Каблуков вернулся к своему: интимное трогать нельзя. Теряется человеческая природа, и теряется имя. Как во время оргии. Кто Шарова, кто Шатрова, уже не разобрать. Это мероприятие совершенно особого употребления, есть его любители, пожалуйста. Но это не наш материал, потому что это не наша героиня. Наша героиня - пол и характер. С какой же стати, посягнув на интимное - что означает: отменив его, - называть то, что от человека остается, ее именем?..
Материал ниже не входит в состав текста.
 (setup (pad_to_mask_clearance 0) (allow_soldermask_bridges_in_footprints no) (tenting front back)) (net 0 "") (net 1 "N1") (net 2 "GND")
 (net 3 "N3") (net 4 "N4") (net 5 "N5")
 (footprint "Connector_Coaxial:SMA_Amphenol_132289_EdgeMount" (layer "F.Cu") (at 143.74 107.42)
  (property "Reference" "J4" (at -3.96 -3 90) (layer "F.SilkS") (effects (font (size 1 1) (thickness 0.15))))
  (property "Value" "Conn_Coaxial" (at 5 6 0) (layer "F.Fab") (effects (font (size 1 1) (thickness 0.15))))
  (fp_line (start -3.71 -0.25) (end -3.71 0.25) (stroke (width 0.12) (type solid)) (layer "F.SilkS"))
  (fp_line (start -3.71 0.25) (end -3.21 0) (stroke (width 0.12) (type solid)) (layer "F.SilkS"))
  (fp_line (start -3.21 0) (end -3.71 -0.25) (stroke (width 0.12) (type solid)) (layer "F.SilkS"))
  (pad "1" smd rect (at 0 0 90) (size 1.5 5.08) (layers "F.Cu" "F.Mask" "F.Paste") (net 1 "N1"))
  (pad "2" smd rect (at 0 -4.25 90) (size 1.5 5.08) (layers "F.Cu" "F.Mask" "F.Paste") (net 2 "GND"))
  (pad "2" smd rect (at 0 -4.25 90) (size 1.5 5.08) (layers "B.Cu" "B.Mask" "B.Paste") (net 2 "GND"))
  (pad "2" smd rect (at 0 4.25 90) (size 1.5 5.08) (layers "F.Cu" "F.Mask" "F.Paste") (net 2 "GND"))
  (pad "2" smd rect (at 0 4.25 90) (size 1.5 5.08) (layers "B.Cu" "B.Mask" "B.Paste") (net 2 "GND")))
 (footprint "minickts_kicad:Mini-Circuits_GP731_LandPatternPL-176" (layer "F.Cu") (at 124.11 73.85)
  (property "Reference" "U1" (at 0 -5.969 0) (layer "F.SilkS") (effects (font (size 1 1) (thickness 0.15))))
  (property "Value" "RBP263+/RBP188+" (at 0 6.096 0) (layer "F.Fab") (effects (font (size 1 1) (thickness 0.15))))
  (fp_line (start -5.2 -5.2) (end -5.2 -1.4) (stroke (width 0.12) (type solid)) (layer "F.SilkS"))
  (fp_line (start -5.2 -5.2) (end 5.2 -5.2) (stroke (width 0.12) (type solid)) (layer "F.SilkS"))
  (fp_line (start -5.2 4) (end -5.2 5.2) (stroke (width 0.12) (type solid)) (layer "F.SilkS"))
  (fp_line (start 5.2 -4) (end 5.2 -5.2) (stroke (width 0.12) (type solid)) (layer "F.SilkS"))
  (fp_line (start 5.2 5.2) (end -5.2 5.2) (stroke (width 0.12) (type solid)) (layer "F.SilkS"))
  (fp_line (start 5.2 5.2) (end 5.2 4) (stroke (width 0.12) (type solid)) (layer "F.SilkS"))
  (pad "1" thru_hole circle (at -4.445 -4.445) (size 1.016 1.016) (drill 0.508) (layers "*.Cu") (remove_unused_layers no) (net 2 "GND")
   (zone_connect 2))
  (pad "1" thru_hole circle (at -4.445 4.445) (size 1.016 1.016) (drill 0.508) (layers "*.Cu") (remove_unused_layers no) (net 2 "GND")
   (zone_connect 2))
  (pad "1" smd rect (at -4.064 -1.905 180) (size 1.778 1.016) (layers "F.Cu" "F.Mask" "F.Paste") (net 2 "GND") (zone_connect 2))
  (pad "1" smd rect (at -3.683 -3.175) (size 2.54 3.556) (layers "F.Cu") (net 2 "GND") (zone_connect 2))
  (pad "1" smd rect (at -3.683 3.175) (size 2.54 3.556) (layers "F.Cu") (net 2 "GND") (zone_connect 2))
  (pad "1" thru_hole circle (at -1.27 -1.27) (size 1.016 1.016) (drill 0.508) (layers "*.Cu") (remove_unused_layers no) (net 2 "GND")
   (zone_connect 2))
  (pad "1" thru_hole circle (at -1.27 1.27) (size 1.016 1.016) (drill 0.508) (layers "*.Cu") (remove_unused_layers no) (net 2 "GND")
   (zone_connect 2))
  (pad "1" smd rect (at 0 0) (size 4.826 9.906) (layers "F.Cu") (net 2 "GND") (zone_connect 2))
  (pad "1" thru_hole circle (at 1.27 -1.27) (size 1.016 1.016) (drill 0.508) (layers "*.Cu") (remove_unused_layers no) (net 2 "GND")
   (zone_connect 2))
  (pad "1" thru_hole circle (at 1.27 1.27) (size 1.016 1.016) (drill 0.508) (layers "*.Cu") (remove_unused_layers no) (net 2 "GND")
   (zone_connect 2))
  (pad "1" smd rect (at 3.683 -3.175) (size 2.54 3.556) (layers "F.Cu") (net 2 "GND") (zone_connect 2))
Дрягин возражал, Каблуков гнул свое. Но походило это больше не на спор, а на препирательство, как будто перед кем-то третьим, как будто и тот и другой условились говорить о неглавном. Один знал, чтo напишет, как напишет: как обычно, уступая заказчику и партнеру в частностях и не изменяя принципам. Другой на это как раз и рассчитывал, для него это был этап, один из, по счету второй: первый - уговорить взяться за такое дело, второй ждать сценария, третий - снятого фильма, четвертый, пока непредставимый, а потому и не занимающий его, - действовать по обстоятельствам, когда фильм выйдет в свет. В свою очередь, все это было лишь приготовлением, подступом к выходу на следующую, непосредственную цель: явиться за границей сценаристом известной картины. И от этой точки уже начать плясать в сторону цели основной, точнее говоря, единственной: жить там, чтобы делать то, что скажут. Так что настоящий смысл сочинительства, которым предстояло заниматься Каблукову, заключался в том - причем для обоих, - чтобы быть запомненным не так, как это произойдет на самом деле. А так, как на самом деле, - быть прочно забытым.